Given entries:
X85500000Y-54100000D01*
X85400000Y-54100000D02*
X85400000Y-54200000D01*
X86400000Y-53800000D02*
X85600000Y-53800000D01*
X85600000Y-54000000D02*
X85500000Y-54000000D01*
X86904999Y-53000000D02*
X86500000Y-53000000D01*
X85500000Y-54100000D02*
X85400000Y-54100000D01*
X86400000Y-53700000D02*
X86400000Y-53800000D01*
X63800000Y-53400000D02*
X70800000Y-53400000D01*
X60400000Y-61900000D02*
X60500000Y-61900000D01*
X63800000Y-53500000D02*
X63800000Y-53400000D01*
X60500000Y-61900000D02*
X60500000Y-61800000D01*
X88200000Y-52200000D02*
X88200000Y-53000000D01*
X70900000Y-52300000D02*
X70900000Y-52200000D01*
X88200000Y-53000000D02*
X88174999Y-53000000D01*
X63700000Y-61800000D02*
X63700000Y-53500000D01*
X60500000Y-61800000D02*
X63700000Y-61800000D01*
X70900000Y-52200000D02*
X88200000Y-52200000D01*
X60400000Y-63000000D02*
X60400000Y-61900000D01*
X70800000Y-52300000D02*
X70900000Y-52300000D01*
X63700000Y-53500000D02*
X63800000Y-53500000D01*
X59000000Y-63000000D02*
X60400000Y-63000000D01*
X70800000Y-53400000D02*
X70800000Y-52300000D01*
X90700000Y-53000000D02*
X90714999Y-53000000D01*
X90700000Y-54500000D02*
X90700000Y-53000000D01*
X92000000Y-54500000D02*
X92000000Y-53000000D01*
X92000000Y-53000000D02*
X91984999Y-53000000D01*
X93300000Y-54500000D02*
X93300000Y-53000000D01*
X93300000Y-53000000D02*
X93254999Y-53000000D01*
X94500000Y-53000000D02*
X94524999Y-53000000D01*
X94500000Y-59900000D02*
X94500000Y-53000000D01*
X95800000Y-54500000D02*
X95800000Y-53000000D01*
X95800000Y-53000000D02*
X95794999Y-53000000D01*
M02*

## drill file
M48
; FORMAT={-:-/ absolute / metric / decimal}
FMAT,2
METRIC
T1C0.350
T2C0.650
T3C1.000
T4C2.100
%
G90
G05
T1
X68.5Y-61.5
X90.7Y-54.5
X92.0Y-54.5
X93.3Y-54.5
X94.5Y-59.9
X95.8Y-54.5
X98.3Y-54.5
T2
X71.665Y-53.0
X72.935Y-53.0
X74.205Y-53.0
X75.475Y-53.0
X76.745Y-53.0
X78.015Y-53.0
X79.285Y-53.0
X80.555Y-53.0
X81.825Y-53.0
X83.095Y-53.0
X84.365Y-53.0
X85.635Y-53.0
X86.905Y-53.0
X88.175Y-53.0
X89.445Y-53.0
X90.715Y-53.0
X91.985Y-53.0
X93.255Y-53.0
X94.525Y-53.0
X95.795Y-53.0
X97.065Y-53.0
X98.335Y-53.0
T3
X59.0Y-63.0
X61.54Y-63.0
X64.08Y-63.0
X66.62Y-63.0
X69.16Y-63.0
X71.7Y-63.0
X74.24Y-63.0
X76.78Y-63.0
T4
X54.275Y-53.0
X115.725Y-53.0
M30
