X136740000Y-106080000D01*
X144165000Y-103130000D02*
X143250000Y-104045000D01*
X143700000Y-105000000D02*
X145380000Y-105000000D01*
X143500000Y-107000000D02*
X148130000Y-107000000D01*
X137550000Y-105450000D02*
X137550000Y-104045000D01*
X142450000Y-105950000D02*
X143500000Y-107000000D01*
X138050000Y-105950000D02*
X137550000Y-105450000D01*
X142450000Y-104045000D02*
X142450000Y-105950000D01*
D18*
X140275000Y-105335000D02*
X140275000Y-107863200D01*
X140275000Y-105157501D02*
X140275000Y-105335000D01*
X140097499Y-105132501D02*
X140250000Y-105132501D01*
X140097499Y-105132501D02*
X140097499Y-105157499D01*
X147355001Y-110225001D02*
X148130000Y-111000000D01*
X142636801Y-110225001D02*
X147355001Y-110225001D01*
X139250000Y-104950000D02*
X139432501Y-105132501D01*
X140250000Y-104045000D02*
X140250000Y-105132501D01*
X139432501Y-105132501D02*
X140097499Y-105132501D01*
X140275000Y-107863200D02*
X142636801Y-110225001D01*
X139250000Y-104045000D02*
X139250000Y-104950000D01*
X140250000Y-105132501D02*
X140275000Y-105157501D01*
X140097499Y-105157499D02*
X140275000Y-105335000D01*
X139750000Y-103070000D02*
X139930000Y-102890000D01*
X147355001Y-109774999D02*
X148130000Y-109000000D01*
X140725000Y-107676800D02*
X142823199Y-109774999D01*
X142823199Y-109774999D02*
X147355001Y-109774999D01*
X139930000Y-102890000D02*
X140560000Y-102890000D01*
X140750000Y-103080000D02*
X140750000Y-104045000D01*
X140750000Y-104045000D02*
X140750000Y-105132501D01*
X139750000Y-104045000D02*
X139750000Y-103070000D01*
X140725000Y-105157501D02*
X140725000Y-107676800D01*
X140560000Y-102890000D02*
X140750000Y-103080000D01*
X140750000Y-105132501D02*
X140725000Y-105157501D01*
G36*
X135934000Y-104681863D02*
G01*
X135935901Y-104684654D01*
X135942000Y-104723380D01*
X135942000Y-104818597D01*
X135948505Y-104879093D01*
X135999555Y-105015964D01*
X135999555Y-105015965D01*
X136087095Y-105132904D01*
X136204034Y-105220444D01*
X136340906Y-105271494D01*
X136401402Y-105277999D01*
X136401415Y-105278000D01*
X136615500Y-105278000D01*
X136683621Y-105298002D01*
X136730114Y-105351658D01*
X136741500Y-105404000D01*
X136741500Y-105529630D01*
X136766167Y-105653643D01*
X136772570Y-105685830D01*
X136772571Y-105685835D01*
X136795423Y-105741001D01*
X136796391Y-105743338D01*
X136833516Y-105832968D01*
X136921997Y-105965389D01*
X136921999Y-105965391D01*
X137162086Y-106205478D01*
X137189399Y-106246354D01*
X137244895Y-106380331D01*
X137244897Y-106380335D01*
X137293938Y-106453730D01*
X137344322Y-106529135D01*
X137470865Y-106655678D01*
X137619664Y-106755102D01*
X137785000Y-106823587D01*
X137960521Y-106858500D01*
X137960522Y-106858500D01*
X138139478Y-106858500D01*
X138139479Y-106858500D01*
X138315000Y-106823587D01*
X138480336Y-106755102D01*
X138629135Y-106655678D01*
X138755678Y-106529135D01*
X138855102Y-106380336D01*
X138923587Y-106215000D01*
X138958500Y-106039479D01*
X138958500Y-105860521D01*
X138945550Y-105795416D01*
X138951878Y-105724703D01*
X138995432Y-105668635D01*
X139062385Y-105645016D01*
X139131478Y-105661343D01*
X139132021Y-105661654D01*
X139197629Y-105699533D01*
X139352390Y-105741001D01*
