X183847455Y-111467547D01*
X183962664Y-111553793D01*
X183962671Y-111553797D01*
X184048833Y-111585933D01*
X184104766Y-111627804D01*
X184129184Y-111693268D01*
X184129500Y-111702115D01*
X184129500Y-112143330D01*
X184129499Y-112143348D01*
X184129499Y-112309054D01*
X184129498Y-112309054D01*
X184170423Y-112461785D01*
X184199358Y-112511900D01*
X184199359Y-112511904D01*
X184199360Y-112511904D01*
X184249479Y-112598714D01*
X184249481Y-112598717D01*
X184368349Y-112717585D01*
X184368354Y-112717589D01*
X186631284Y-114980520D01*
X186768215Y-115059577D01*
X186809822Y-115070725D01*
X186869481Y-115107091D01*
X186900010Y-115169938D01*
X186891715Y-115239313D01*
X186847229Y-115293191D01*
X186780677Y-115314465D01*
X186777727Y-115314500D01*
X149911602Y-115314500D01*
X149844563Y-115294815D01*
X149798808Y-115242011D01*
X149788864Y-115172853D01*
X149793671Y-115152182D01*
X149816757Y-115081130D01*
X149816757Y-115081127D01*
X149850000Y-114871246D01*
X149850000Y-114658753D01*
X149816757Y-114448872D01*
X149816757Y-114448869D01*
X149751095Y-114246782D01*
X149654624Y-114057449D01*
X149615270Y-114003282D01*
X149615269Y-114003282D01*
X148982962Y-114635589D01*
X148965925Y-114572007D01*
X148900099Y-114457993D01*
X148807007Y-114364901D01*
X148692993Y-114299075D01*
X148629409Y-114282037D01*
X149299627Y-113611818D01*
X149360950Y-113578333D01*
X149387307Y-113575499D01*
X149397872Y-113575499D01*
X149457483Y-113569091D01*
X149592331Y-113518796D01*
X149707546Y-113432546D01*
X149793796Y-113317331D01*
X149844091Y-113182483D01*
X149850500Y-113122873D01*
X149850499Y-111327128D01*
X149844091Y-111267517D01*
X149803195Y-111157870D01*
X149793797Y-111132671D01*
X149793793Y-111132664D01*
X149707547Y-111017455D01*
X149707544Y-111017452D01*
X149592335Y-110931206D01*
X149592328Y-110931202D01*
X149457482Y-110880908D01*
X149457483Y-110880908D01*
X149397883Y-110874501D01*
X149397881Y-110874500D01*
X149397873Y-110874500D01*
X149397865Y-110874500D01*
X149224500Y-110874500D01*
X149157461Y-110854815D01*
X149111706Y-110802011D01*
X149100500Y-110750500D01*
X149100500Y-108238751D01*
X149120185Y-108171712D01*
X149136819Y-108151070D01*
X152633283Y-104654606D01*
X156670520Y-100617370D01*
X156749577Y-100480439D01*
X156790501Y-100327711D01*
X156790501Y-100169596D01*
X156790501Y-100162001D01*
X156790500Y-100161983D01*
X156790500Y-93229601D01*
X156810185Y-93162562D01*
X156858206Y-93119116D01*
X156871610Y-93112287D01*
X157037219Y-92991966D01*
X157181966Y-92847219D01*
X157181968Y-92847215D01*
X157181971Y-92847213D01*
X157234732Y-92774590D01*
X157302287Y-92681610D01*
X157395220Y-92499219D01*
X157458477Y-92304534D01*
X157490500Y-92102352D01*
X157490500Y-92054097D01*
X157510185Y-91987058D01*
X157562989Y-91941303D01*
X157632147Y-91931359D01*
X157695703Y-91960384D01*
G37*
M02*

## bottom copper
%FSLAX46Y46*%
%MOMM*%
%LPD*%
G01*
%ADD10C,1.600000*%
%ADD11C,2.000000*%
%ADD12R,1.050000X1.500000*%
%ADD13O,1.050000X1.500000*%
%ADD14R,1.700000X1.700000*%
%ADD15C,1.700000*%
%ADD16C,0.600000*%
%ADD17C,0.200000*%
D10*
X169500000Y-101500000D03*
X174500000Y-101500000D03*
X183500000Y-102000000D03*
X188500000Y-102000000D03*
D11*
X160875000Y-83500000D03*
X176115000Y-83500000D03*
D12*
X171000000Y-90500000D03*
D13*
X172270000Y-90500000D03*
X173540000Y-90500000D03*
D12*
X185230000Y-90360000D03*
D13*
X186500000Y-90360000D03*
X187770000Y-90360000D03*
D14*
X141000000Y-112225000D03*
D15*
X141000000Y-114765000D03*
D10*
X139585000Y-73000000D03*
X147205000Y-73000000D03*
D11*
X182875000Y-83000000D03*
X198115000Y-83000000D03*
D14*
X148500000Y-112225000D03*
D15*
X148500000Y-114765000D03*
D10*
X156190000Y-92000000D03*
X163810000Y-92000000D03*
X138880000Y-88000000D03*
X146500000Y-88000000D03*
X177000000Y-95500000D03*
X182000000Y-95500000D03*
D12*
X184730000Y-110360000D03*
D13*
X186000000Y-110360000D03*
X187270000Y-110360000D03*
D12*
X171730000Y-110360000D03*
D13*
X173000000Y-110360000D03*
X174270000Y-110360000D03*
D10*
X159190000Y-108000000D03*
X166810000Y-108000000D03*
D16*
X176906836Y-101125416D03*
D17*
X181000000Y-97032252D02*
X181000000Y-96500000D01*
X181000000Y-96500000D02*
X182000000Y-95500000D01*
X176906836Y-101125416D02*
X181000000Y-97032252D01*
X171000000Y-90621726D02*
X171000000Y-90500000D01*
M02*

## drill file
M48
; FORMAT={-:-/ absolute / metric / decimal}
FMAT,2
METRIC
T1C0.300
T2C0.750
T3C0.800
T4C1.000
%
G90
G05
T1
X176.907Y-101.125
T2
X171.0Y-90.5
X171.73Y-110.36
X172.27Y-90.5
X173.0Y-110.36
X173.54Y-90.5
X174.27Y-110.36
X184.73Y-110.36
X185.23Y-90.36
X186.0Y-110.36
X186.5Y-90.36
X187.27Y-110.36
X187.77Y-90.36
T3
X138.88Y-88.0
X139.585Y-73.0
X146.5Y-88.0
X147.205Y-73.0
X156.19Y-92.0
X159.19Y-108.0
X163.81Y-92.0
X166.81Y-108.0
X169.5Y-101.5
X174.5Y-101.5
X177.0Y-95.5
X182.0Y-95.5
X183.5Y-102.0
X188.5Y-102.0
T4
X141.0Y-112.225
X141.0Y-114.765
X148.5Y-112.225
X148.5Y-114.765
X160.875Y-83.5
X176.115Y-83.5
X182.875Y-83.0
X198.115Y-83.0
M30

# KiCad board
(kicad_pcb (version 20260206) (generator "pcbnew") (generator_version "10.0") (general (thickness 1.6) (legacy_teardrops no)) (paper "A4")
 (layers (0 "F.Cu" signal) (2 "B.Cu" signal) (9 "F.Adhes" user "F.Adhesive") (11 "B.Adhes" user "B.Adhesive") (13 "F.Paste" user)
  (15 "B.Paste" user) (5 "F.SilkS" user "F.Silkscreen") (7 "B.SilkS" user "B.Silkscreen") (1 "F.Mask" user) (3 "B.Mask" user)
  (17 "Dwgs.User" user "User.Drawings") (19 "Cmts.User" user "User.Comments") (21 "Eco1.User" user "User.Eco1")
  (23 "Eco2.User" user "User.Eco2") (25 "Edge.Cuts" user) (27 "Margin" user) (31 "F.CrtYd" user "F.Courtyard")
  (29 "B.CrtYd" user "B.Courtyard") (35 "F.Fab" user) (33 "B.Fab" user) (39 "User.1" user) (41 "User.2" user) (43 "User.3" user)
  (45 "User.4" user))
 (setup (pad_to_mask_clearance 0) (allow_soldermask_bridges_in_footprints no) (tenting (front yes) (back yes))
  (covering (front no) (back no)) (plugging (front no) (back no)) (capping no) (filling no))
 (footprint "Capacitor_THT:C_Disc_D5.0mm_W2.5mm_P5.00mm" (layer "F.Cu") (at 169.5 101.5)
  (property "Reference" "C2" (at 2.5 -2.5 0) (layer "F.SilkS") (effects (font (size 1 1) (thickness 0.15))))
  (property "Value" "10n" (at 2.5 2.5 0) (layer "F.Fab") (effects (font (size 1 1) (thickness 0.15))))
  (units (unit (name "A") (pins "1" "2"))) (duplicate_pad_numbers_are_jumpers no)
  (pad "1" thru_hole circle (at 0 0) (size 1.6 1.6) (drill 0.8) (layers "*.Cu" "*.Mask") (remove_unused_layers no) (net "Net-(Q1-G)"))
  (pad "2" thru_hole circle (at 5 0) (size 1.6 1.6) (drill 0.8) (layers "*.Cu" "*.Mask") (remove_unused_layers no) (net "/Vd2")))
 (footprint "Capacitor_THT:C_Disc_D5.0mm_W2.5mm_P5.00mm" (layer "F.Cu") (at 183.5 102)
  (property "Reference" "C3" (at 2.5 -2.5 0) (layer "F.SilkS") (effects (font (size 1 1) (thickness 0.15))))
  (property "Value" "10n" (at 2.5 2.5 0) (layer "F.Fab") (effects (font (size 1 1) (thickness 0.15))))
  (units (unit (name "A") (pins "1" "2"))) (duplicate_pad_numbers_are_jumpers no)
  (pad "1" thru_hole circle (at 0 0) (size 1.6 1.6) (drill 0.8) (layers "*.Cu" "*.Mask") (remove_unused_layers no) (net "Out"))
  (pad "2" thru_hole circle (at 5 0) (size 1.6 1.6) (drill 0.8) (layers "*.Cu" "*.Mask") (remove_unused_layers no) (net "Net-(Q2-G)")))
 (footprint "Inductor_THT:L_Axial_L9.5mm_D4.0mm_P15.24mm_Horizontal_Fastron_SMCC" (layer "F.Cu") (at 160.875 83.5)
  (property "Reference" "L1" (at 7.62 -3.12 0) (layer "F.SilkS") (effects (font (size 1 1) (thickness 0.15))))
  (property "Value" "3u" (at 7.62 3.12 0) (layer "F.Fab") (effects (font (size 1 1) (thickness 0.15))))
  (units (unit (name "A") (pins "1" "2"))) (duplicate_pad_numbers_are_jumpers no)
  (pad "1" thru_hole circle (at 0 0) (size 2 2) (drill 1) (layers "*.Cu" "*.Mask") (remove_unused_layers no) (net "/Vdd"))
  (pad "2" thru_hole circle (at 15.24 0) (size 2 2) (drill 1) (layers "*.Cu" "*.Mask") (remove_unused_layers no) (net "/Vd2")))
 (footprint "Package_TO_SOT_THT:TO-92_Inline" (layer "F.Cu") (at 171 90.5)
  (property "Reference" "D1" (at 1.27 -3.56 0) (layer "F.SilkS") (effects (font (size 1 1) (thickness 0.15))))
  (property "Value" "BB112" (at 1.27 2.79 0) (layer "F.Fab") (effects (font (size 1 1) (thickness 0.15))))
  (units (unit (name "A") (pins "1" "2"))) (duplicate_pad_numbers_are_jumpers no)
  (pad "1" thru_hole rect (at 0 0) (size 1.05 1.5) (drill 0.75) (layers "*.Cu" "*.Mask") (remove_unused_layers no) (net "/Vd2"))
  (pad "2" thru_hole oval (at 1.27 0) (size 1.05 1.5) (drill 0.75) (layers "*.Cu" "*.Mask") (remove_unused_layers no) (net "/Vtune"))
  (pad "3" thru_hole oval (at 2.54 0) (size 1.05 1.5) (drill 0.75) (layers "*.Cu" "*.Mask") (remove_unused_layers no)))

Goal of the exercise:
Give back exactly what runs from the first line of the listing above to the line that contains "X70900000Y-52300000D02*", keeping both end lines.

Final answer:
X85500000Y-54100000D01*
X85400000Y-54100000D02*
X85400000Y-54200000D01*
X86400000Y-53800000D02*
X85600000Y-53800000D01*
X85600000Y-54000000D02*
X85500000Y-54000000D01*
X86904999Y-53000000D02*
X86500000Y-53000000D01*
X85500000Y-54100000D02*
X85400000Y-54100000D01*
X86400000Y-53700000D02*
X86400000Y-53800000D01*
X63800000Y-53400000D02*
X70800000Y-53400000D01*
X60400000Y-61900000D02*
X60500000Y-61900000D01*
X63800000Y-53500000D02*
X63800000Y-53400000D01*
X60500000Y-61900000D02*
X60500000Y-61800000D01*
X88200000Y-52200000D02*
X88200000Y-53000000D01*
X70900000Y-52300000D02*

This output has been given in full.